Que des « vieux », plutôt à l’aise financièrement, aux rides nostalgiques d’un autoritarisme rigoriste et d’un conservatisme intégriste, se soient agglutinés sous la pluie place du Trocadéro afin de soutenir leur héraut, ça n’a rien de surprenant, à mes yeux. On combat ses aigreurs surannées comme on peut. En revanche, j’avoue que je suis très perplexe et dubitatif face à cette horde de jeunes qui maintiennent sans sourciller leur soutien à « l’incompris » martyrisé par le harcèlement médiatique et juridique. Impossible d’évacuer d’un revers de la main le questionnement qu’ils soulèvent. Si l’on écarte les « fous de Dieu », combien y en a-t-il parmi eux qui sont animés par une radicalité politique, peu soucieux d’égalité des droits et des chances et refusant obstinément d’admettre les faits, donc les mensonges et les détournements de fonds publics indéniables de leur champion de la malhonnêteté ? Comment peuvent-ils fermer les yeux devant un tel enrichissement crapuleux piétinant nos valeurs républicaines et démocratiques ? Qu’est-ce qui leur passe par la tête pour refuser de dénoncer de tels agissements ? Quid de la justice, de l’humanisme et du respect des droits ? Quid de ce catholicisme immoral au moralisme amoral ? Dieu a dû perdre son latin, cette après-midi du 5 mars 2017. Et il n’est pas le seul. Notre époque doit être sociologiquement et psychologiquement très intéressante à étudier.

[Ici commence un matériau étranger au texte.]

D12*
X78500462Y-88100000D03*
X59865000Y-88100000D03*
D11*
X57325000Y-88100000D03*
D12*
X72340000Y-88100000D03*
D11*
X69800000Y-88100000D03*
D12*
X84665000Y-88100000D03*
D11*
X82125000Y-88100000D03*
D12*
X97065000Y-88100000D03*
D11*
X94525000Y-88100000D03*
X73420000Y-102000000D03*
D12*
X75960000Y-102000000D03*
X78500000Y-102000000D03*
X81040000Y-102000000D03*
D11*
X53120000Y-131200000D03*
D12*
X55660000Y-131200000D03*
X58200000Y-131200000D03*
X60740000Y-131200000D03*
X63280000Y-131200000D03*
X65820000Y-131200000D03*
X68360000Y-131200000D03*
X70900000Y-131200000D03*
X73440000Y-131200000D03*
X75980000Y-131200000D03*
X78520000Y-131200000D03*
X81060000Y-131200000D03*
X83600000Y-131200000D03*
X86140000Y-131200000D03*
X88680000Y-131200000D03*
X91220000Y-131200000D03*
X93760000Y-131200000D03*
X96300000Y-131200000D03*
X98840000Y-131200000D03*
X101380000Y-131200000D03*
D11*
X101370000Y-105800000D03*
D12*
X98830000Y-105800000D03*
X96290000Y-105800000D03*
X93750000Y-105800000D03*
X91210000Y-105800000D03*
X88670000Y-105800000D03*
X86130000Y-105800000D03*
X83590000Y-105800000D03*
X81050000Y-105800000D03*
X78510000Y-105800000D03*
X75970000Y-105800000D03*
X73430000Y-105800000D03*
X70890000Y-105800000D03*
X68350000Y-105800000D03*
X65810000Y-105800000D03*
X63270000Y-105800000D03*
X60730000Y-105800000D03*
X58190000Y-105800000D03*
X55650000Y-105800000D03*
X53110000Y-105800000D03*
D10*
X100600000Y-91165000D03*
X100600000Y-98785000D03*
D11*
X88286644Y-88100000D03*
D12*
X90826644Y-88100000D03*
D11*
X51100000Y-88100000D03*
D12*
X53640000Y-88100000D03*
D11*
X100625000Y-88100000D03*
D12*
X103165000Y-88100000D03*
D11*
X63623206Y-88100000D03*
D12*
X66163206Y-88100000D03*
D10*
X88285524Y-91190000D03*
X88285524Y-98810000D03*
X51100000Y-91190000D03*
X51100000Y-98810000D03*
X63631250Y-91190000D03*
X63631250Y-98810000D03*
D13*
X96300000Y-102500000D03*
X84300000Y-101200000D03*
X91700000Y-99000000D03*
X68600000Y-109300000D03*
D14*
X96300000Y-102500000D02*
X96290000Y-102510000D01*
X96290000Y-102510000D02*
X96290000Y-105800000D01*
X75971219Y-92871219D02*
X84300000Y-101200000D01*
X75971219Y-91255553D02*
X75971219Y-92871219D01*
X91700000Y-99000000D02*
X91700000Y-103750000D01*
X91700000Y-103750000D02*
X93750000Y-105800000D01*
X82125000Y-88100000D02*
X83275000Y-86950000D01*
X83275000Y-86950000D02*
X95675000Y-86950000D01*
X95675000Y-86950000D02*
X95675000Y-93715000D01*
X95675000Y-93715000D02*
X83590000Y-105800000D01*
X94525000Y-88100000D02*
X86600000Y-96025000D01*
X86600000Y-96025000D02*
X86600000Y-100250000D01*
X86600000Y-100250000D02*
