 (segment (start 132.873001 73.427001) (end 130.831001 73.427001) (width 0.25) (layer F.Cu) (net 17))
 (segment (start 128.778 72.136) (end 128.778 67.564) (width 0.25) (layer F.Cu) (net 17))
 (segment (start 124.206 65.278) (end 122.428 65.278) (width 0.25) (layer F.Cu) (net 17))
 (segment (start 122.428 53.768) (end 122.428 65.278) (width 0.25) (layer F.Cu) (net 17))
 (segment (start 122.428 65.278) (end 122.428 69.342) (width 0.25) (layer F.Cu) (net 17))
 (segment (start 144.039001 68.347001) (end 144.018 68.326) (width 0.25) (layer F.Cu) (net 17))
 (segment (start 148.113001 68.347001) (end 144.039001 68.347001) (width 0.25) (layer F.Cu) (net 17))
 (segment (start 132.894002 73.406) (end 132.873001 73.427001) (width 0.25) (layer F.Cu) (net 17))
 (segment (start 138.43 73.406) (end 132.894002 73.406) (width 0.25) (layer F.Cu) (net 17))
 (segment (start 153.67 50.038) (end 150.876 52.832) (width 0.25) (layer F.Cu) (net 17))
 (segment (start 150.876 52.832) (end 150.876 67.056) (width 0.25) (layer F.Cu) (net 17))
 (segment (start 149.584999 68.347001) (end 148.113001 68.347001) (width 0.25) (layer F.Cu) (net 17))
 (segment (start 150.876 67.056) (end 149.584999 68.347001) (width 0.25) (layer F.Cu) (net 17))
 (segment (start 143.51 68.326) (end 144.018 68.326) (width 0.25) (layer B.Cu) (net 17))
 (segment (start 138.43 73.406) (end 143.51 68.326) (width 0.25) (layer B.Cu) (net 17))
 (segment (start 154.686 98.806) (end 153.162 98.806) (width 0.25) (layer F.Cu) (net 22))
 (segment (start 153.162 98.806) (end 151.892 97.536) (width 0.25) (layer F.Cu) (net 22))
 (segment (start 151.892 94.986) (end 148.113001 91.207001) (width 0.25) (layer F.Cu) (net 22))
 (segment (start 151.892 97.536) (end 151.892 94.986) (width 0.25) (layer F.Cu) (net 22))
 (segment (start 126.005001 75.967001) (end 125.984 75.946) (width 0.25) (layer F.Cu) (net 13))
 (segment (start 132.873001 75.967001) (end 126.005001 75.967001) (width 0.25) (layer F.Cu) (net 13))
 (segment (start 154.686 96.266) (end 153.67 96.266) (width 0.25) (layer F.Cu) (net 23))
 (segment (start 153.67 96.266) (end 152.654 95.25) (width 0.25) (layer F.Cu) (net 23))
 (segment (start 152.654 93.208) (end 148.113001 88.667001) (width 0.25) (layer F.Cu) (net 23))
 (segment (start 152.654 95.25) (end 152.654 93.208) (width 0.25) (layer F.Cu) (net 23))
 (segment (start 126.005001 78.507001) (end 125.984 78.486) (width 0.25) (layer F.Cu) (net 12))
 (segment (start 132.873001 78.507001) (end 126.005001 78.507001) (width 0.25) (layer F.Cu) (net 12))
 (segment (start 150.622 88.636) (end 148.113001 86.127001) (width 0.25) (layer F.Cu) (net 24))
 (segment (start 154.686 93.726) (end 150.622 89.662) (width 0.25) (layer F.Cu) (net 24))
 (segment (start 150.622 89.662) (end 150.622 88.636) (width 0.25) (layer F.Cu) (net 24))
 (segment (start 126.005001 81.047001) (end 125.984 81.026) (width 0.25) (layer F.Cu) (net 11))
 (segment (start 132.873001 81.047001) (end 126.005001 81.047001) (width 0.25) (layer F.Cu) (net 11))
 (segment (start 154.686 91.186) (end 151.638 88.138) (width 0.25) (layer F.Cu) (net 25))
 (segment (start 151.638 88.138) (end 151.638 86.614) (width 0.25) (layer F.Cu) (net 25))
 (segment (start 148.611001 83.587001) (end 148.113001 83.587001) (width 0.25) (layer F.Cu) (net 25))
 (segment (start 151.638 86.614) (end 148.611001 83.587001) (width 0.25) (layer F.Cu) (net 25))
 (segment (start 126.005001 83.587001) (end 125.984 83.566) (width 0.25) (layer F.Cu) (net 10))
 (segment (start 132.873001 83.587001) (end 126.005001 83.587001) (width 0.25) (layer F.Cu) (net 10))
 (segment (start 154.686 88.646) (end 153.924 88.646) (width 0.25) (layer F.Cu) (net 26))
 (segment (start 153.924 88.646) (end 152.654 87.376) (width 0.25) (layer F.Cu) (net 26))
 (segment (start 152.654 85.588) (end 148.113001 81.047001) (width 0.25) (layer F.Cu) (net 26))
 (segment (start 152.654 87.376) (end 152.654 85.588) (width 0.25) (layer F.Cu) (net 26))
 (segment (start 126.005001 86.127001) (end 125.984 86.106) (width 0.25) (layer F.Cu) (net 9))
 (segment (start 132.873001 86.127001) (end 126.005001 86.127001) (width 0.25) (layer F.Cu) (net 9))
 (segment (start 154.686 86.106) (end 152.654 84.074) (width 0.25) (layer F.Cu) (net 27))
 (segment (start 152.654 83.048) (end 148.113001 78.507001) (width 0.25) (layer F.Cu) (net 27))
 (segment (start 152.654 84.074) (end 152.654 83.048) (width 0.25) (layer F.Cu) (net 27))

En attendant, que peut devenir la France entre de telles mains ? Qu’est-ce qui différencie cette droite extrême avec l’extrême droite ? François Fillon n’est qu’un révélateur, une sonnette d’alarme malgré lui, au même titre que Trump ou Erdogan.

Mais dormons tranquille, la gauche reste désunie, alors qu’elle aurait peut-être une carte à jouer dans cette compétition kafkaïenne. Est-ce pour mieux ouvrir la voie au dandy de la finance ? Quelle perspective excitante ! D’autant que Mister Fillon a été confirmé, à l’unanimité en plus veut-on nous faire croire, dans sa posture de leader incontestable… Le bal des hypocrites continue allègrement avec la bénédiction de leurs électeurs, donc pourquoi se gêner.